Referring to the drawing, in the leveling process, when the write/erase and read operations, in particular, the read operation are requested by the user of the flash memory device, the number of times of request is counted (S1 and S2). At this time, the number of times of request is “a previously counted coefficient value +1”.
Then, the counted number of times is stored in the control memory block 4 (S3). The control memory block 4 compares the stored counted number of times with a previously set threshold (a threshold for the number of times of operations) to determined processes after that (S4). The counted number of times is additionally stored in a separated external memory so that the leveling process can be performed on a plurality of flash memory devices.
The determination is a process of determining whether the operations are continuously performed by the currently used logic memory block 2 or whether the operations requested by the logic memory block 2 are distributed to the physical memory block 3. That is, when the counted number of times is smaller than the threshold, the logic memory block 2 continuously performs the operations. At the point of time when the counted number of times is equal to the threshold, the operations requested by the logic memory block 2 are distributed to the physical memory block 3.
In order to distribute the requested operations, as a result of determination, from the logic memory block 2 to the physical memory block 3, the logic memory block 2 that is a read-time wear-leveling block copies the content of the block to a new physical memory block 3 (S5).
Then, in the logic memory block 2, the address table of the memory region is updated since a read-time wear-leveling source is copied to the new physical memory block 3 (S6). At the same time, the control memory block 4 performs the operations requested by the user (S7).
By performing the above-described processes, the partial abrasion generated by performing the operations only in the memory region of a specific address is distributed to the entire region of a memory array so that the life of the flash memory device may be prolonged and that stable memory operations may be performed.
The above processes were described based on the case in which the read operation is requested.
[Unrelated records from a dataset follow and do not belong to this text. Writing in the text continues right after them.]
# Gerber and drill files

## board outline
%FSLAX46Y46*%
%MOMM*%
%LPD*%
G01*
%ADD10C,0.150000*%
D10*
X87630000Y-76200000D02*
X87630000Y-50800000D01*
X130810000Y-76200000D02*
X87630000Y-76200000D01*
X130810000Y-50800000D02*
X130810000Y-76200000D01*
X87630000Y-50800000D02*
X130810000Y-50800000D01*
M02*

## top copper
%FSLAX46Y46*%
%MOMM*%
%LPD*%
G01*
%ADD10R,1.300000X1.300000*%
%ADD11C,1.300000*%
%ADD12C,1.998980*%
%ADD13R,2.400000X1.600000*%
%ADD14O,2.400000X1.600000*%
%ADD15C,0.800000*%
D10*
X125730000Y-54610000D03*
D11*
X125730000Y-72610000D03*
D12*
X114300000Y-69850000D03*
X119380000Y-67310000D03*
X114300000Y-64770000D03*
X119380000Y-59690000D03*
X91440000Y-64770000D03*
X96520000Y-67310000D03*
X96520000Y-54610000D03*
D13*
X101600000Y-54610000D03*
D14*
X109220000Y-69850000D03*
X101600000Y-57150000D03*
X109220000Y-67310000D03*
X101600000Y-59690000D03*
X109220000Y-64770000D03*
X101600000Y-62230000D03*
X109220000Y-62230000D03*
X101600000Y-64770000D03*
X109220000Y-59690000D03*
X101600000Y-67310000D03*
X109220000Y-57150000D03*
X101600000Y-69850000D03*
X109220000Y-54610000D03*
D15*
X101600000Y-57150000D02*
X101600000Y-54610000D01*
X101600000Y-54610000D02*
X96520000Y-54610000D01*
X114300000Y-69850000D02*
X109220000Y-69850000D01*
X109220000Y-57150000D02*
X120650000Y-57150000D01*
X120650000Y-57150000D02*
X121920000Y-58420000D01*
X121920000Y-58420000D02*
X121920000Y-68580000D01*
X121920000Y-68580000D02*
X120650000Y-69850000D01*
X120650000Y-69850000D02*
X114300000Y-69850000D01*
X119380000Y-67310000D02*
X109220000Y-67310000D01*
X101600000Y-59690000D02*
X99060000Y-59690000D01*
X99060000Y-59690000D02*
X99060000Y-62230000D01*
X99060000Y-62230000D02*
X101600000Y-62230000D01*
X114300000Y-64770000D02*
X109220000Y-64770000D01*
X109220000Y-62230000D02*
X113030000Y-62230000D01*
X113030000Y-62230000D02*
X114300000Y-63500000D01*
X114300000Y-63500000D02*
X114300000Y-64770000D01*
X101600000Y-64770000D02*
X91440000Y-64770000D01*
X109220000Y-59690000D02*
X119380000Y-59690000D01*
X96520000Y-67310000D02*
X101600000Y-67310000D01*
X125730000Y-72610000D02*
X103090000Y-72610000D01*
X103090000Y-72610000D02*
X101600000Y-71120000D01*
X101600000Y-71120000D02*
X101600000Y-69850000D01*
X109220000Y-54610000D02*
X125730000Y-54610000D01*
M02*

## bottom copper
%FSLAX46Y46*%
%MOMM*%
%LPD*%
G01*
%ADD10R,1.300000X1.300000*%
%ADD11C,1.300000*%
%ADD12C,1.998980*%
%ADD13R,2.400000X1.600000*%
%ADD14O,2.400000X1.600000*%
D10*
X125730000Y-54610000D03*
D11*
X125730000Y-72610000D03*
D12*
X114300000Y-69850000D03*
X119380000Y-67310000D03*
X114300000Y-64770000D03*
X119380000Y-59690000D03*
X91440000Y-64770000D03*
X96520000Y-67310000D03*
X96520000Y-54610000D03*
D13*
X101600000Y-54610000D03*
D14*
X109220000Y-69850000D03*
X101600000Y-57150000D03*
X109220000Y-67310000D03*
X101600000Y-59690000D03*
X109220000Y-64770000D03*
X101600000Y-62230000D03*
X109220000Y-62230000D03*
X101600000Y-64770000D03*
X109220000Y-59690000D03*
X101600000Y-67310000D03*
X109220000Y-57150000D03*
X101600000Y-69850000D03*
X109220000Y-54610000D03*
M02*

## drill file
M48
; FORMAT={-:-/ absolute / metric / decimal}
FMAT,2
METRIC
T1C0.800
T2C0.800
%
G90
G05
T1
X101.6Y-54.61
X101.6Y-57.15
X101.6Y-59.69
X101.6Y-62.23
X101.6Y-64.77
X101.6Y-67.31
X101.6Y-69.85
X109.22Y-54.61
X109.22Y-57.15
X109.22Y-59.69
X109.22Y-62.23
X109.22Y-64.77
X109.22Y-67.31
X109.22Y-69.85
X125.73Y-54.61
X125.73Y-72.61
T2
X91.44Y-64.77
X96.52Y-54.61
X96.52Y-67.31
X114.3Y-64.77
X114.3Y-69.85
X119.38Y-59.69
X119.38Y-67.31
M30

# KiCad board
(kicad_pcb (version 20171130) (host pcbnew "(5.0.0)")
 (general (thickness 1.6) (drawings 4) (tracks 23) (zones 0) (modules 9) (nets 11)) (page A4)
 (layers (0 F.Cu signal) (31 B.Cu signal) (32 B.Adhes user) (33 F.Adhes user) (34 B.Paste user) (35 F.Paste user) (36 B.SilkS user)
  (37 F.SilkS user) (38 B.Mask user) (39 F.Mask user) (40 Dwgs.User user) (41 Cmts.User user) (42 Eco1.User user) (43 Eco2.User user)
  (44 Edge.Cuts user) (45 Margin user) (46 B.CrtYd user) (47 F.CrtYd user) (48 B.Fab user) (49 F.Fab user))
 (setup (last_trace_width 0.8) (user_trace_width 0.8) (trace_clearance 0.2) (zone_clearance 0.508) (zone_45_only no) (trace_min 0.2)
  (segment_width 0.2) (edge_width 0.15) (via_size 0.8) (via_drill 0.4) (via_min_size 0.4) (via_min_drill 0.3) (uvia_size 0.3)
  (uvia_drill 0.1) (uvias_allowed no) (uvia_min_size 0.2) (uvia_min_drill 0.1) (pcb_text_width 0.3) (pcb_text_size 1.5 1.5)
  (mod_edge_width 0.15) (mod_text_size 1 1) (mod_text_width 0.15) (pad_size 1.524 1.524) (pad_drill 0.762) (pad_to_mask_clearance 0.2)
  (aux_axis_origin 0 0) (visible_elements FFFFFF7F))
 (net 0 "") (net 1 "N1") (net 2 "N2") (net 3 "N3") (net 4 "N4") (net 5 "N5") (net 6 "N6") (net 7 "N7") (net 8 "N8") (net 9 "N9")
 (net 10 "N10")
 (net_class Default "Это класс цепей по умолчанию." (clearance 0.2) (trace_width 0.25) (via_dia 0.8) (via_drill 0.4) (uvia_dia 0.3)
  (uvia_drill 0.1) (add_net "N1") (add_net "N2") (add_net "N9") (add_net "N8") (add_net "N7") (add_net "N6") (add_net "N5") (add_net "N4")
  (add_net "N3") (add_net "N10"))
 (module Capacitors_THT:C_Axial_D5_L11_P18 (layer F.Cu) (at 125.73 54.61 270)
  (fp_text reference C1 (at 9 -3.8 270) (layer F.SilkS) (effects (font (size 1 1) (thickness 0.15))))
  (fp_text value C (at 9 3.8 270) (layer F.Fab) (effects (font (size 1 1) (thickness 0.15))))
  (pad 1 thru_hole rect (at 0 0 270) (size 1.3 1.3) (drill 0.8) (layers *.Cu *.Mask) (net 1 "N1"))
  (pad 2 thru_hole circle (at 18 0 270) (size 1.3 1.3) (drill 0.8) (layers *.Cu *.Mask) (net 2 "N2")))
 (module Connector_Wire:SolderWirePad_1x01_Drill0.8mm (layer F.Cu) (at 114.3 69.85)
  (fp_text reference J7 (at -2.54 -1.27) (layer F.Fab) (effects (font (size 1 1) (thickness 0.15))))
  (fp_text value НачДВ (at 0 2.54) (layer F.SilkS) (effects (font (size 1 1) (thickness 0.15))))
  (pad 1 thru_hole circle (at 0 0) (size 1.99898 1.99898) (drill 0.8001) (layers *.Cu *.Mask) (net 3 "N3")))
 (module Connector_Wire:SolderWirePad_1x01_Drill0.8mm (layer F.Cu) (at 119.38 67.31)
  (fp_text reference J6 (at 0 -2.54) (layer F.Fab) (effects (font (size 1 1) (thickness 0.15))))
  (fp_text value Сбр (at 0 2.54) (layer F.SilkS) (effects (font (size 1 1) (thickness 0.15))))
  (pad 1 thru_hole circle (at 0 0) (size 1.99898 1.99898) (drill 0.8001) (layers *.Cu *.Mask) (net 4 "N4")))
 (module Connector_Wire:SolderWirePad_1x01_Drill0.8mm (layer F.Cu) (at 114.3 64.77)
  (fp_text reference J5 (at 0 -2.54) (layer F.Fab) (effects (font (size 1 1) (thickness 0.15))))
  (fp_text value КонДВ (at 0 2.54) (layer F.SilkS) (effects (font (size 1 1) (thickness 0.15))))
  (pad 1 thru_hole circle (at 0 0) (size 1.99898 1.99898) (drill 0.8001) (layers *.Cu *.Mask) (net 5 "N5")))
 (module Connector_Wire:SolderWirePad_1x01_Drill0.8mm (layer F.Cu) (at 119.38 59.69)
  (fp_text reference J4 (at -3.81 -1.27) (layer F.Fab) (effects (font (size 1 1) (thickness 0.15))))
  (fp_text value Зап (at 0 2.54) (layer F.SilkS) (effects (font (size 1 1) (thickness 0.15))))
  (pad 1 thru_hole circle (at 0 0) (size 1.99898 1.99898) (drill 0.8001) (layers *.Cu *.Mask) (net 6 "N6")))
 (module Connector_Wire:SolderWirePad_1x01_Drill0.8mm (layer F.Cu) (at 91.44 64.77)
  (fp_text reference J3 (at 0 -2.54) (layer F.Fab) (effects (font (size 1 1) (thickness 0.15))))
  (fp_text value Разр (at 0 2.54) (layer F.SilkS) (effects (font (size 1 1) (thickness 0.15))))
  (pad 1 thru_hole circle (at 0 0) (size 1.99898 1.99898) (drill 0.8001) (layers *.Cu *.Mask) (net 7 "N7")))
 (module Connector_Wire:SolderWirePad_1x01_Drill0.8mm (layer F.Cu) (at 96.52 67.31)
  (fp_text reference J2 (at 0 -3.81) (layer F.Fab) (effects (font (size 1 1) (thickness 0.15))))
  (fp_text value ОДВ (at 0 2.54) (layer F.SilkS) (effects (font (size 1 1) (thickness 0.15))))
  (pad 1 thru_hole circle (at 0 0) (size 1.99898 1.99898) (drill 0.8001) (layers *.Cu *.Mask) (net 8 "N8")))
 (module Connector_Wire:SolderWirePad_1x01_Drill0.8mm (layer F.Cu) (at 96.52 54.61)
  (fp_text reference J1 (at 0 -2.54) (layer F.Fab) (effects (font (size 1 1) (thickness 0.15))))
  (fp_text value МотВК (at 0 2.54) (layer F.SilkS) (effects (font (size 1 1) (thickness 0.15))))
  (pad 1 thru_hole circle (at 0 0) (size 1.99898 1.99898) (drill 0.8001) (layers *.Cu *.Mask) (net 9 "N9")))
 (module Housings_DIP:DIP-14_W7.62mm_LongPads (layer F.Cu) (at 101.6 54.61)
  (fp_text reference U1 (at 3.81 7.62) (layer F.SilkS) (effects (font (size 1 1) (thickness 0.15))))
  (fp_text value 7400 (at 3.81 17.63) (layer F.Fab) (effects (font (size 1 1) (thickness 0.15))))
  (pad 1 thru_hole rect (at 0 0) (size 2.4 1.6) (drill 0.8) (layers *.Cu *.Mask) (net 9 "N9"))
  (pad 8 thru_hole oval (at 7.62 15.24) (size 2.4 1.6) (drill 0.8) (layers *.Cu *.Mask) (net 3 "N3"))
  (pad 2 thru_hole oval (at 0 2.54) (size 2.4 1.6) (drill 0.8) (layers *.Cu *.Mask) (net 9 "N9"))
  (pad 9 thru_hole oval (at 7.62 12.7) (size 2.4 1.6) (drill 0.8) (layers *.Cu *.Mask) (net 4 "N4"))
  (pad 3 thru_hole oval (at 0 5.08) (size 2.4 1.6) (drill 0.8) (layers *.Cu *.Mask) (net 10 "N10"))
  (pad 10 thru_hole oval (at 7.62 10.16) (size 2.4 1.6) (drill 0.8) (layers *.Cu *.Mask) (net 5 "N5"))
  (pad 4 thru_hole oval (at 0 7.62) (size 2.4 1.6) (drill 0.8) (layers *.Cu *.Mask) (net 10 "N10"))
  (pad 11 thru_hole oval (at 7.62 7.62) (size 2.4 1.6) (drill 0.8) (layers *.Cu *.Mask) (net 5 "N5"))
  (pad 5 thru_hole oval (at 0 10.16) (size 2.4 1.6) (drill 0.8) (layers *.Cu *.Mask) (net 7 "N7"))
  (pad 12 thru_hole oval (at 7.62 5.08) (size 2.4 1.6) (drill 0.8) (layers *.Cu *.Mask) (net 6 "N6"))
  (pad 6 thru_hole oval (at 0 12.7) (size 2.4 1.6) (drill 0.8) (layers *.Cu *.Mask) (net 8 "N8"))
  (pad 13 thru_hole oval (at 7.62 2.54) (size 2.4 1.6) (drill 0.8) (layers *.Cu *.Mask) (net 3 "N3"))
  (pad 7 thru_hole oval (at 0 15.24) (size 2.4 1.6) (drill 0.8) (layers *.Cu *.Mask) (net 2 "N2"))
  (pad 14 thru_hole oval (at 7.62 0) (size 2.4 1.6) (drill 0.8) (layers *.Cu *.Mask) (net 1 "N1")))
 (gr_line (start 87.63 76.2) (end 87.63 50.8) (layer Edge.Cuts) (width 0.15))
 (gr_line (start 130.81 76.2) (end 87.63 76.2) (layer Edge.Cuts) (width 0.15))
 (gr_line (start 130.81 50.8) (end 130.81 76.2) (layer Edge.Cuts) (width 0.15))
 (gr_line (start 87.63 50.8) (end 130.81 50.8) (layer Edge.Cuts) (width 0.15))
 (segment (start 101.6 57.15) (end 101.6 54.61) (width 0.8) (layer F.Cu) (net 9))
 (segment (start 101.6 54.61) (end 96.52 54.61) (width 0.8) (layer F.Cu) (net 9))
 (segment (start 114.3 69.85) (end 109.22 69.85) (width 0.8) (layer F.Cu) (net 3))
 (segment (start 109.22 57.15) (end 120.65 57.15) (width 0.8) (layer F.Cu) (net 3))
 (segment (start 120.65 57.15) (end 121.92 58.42) (width 0.8) (layer F.Cu) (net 3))
 (segment (start 121.92 58.42) (end 121.92 68.58) (width 0.8) (layer F.Cu) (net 3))
 (segment (start 121.92 68.58) (end 120.65 69.85) (width 0.8) (layer F.Cu) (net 3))
 (segment (start 120.65 69.85) (end 114.3 69.85) (width 0.8) (layer F.Cu) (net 3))
 (segment (start 119.38 67.31) (end 109.22 67.31) (width 0.8) (layer F.Cu) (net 4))
 (segment (start 101.6 59.69) (end 99.06 59.69) (width 0.8) (layer F.Cu) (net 10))
 (segment (start 99.06 59.69) (end 99.06 62.23) (width 0.8) (layer F.Cu) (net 10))
 (segment (start 99.06 62.23) (end 101.6 62.23) (width 0.8) (layer F.Cu) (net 10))
 (segment (start 114.3 64.77) (end 109.22 64.77) (width 0.8) (layer F.Cu) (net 5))
 (segment (start 109.22 62.23) (end 113.03 62.23) (width 0.8) (layer F.Cu) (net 5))
 (segment (start 113.03 62.23) (end 114.3 63.5) (width 0.8) (layer F.Cu) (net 5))
 (segment (start 114.3 63.5) (end 114.3 64.77) (width 0.8) (layer F.Cu) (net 5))
 (segment (start 101.6 64.77) (end 91.44 64.77) (width 0.8) (layer F.Cu) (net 7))
 (segment (start 109.22 59.69) (end 119.38 59.69) (width 0.8) (layer F.Cu) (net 6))
 (segment (start 96.52 67.31) (end 101.6 67.31) (width 0.8) (layer F.Cu) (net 8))
 (segment (start 125.73 72.61) (end 103.09 72.61) (width 0.8) (layer F.Cu) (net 2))
 (segment (start 103.09 72.61) (end 101.6 71.12) (width 0.8) (layer F.Cu) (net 2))
 (segment (start 101.6 71.12) (end 101.6 69.85) (width 0.8) (layer F.Cu) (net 2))
 (segment (start 109.22 54.61) (end 125.73 54.61) (width 0.8) (layer F.Cu) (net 1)))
However, the leveling process may be performed by counting the number of times of read operations together with write/erase operations or by counting the number of times of read operations only.
Although exemplary embodiments of the present invention have been described in detail hereinabove, it should be understood that many variations and modifications of the basic inventive concept herein described, which may appear to those skilled in the art, will still fall within the spirit and scope of the exemplary embodiments of the present invention as defined by the appended claims.

Claims

1. A read-time wear-leveling method in a storage system using a flash memory device, comprising:

counting the number of times of read operations on addresses of respective physical memory blocks assigned to a memory;

storing the counted number of times of read operations in a control memory block of the memory and, dispersing abrasion caused by the read operations by copying the content of the logic memory block to a new physical memory block by a logic memory block as a read-time wear-leveling block when the number of times of read operations reaches a set threshold; and

updating an address table of the logic memory block.
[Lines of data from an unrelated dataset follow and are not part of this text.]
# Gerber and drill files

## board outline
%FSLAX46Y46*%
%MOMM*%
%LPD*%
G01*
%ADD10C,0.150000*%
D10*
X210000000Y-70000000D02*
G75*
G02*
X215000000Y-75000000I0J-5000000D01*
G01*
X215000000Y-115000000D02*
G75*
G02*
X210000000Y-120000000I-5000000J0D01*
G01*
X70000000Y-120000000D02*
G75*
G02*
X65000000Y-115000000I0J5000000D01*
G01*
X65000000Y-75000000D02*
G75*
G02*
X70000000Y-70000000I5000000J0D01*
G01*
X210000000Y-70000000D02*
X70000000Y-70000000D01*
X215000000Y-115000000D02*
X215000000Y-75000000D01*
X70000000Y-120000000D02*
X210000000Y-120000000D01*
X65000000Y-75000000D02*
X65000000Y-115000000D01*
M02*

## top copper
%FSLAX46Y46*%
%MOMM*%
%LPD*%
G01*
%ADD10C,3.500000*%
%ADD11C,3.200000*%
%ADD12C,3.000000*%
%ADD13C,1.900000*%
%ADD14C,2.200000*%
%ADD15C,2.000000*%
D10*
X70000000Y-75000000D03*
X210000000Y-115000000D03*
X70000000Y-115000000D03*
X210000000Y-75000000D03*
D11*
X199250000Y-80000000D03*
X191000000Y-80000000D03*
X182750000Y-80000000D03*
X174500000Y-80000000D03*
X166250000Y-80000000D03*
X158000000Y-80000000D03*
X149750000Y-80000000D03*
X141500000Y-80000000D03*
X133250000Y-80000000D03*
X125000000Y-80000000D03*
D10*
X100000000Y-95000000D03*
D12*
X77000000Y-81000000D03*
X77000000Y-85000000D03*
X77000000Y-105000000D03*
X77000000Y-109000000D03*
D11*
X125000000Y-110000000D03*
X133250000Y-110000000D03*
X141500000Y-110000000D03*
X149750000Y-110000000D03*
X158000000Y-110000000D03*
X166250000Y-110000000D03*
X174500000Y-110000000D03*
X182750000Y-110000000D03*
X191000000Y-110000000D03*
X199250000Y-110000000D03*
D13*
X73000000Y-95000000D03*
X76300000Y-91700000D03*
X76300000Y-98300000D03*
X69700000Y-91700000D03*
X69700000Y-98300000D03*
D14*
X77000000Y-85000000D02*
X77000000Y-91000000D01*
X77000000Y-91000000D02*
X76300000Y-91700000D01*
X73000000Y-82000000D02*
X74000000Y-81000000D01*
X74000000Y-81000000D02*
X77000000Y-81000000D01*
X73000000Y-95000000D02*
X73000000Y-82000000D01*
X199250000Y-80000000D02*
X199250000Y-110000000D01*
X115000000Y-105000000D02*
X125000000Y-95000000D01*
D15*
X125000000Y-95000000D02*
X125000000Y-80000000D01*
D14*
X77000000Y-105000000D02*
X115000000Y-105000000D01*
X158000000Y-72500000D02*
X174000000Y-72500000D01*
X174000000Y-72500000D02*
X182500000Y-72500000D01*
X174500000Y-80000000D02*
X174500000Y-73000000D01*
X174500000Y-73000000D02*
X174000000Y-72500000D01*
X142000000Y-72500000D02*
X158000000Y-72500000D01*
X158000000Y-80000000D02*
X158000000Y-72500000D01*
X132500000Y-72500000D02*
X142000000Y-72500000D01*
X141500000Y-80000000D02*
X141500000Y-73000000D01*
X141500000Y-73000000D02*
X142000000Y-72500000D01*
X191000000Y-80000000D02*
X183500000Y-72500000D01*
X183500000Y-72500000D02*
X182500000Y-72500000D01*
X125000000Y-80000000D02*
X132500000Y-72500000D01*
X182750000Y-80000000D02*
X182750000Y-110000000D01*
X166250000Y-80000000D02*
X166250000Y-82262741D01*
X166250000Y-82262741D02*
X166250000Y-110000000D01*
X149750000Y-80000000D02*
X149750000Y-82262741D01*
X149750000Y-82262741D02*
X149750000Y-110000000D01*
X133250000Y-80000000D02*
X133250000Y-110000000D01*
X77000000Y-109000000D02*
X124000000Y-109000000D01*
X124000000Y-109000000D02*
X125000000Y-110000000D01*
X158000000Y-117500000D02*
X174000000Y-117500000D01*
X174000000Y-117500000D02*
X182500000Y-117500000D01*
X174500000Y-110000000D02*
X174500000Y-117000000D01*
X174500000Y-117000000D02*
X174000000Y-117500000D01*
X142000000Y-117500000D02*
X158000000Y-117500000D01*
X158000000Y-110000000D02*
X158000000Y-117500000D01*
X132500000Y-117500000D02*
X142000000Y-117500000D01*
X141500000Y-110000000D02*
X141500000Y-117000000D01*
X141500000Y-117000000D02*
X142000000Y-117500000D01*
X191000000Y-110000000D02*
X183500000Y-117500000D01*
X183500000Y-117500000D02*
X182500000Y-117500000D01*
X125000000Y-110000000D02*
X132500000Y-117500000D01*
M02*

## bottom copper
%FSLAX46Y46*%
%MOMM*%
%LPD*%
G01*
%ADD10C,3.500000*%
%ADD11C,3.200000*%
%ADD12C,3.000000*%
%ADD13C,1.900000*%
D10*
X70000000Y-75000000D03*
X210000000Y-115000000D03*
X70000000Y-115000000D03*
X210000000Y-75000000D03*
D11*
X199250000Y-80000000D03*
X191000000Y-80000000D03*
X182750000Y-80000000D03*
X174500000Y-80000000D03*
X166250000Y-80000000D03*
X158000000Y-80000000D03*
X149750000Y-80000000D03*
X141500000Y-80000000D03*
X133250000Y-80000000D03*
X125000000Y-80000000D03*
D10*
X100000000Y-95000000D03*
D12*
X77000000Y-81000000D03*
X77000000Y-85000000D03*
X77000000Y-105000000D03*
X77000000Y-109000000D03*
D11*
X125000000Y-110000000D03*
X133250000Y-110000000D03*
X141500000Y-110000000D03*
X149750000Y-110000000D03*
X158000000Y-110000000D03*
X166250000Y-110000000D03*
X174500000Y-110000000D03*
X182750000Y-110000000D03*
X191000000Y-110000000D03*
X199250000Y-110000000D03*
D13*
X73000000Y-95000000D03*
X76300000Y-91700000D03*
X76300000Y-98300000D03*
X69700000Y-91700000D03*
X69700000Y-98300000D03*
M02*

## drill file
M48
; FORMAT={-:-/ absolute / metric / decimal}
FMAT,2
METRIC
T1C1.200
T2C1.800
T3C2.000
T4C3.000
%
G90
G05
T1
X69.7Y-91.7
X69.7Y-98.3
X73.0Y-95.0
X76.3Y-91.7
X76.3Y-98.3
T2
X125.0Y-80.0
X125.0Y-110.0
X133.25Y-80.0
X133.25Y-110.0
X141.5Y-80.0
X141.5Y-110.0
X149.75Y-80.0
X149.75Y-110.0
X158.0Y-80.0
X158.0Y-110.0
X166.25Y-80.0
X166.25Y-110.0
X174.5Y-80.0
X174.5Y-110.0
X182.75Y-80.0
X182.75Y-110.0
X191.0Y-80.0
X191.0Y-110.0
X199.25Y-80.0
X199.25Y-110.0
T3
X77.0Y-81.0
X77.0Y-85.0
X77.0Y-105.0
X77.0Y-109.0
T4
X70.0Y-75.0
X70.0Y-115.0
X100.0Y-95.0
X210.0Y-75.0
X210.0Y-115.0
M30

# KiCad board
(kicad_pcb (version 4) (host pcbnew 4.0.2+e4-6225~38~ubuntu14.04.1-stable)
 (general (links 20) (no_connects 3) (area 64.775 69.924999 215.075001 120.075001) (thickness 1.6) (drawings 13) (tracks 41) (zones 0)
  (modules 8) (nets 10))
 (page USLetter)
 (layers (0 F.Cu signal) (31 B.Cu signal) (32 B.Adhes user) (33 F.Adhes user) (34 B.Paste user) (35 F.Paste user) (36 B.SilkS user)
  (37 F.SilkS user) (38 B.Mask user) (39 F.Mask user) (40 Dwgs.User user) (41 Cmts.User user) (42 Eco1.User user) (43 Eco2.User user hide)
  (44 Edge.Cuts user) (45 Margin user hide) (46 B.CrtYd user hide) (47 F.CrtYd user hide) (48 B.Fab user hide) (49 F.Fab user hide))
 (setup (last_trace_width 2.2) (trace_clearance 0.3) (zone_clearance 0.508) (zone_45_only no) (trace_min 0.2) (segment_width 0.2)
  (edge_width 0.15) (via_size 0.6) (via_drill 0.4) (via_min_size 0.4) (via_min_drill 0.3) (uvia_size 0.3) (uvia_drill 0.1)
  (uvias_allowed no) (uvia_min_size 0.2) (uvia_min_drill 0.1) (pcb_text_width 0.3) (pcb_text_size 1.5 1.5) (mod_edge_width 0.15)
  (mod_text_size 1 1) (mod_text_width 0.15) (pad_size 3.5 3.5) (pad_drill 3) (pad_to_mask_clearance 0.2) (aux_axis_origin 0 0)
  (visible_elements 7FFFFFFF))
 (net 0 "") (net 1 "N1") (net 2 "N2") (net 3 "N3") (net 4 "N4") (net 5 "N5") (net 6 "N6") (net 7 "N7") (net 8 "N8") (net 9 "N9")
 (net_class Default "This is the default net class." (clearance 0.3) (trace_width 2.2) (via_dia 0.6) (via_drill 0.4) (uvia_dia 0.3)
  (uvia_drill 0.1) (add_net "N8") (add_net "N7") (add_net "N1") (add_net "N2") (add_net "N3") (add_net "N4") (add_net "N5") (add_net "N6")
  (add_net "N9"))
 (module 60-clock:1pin (layer F.Cu) (at 70 75)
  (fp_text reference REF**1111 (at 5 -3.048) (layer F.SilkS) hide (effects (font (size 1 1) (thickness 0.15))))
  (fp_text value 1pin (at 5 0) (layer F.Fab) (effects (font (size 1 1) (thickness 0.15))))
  (pad 1 thru_hole circle (at 0 0) (size 3.5 3.5) (drill 3) (layers *.Cu *.Mask)))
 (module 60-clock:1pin (layer F.Cu) (at 210 115)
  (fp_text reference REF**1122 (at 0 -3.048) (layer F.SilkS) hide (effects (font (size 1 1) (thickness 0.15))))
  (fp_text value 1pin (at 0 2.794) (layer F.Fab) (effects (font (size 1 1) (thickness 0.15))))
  (pad 1 thru_hole circle (at 0 0) (size 3.5 3.5) (drill 3) (layers *.Cu *.Mask)))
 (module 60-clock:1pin (layer F.Cu) (at 70 115)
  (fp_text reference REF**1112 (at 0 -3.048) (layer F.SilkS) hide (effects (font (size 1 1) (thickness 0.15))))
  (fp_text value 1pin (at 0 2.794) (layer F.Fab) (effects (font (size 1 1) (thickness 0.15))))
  (pad 1 thru_hole circle (at 0 0) (size 3.5 3.5) (drill 3) (layers *.Cu *.Mask)))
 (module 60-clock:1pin (layer F.Cu) (at 210 75)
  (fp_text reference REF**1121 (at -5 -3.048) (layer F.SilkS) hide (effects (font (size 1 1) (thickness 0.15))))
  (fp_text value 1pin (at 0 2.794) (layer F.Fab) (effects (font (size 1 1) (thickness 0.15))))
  (pad 1 thru_hole circle (at 0 0) (size 3.5 3.5) (drill 3) (layers *.Cu *.Mask)))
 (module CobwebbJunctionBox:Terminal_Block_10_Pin (layer F.Cu) (at 199.25 80 180)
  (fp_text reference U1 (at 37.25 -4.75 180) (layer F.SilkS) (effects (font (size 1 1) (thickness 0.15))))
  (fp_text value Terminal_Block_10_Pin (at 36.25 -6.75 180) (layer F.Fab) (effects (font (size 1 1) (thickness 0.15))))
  (pad 1 thru_hole circle (at 0 0 180) (size 3.2 3.2) (drill 1.8) (layers *.Cu *.Mask F.SilkS) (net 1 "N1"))
  (pad 2 thru_hole circle (at 8.25 0 180) (size 3.2 3.2) (drill 1.8) (layers *.Cu *.Mask F.SilkS) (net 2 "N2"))
  (pad 3 thru_hole circle (at 16.5 0 180) (size 3.2 3.2) (drill 1.8) (layers *.Cu *.Mask F.SilkS) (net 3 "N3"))
  (pad 4 thru_hole circle (at 24.75 0 180) (size 3.2 3.2) (drill 1.8) (layers *.Cu *.Mask F.SilkS) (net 2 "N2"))
  (pad 5 thru_hole circle (at 33 0 180) (size 3.2 3.2) (drill 1.8) (layers *.Cu *.Mask F.SilkS) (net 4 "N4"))
  (pad 6 thru_hole circle (at 41.25 0 180) (size 3.2 3.2) (drill 1.8) (layers *.Cu *.Mask F.SilkS) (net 2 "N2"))
  (pad 7 thru_hole circle (at 49.5 0 180) (size 3.2 3.2) (drill 1.8) (layers *.Cu *.Mask F.SilkS) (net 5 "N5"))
2. The read-time wear-leveling method of claim 1, wherein the memory counts only the read operations or counts the read operations by adding write/erase operations.

3. The read-time wear-leveling method of claim 2, wherein the counted number of times of operations is stored in a separate memory.

4. The read-time wear-leveling method of any one of claims 1 to 3, wherein the operations generated in the memory are repeatedly performed equal to or higher than 2 times so that the number of times of operations is uniformly distributed over an entire memory array.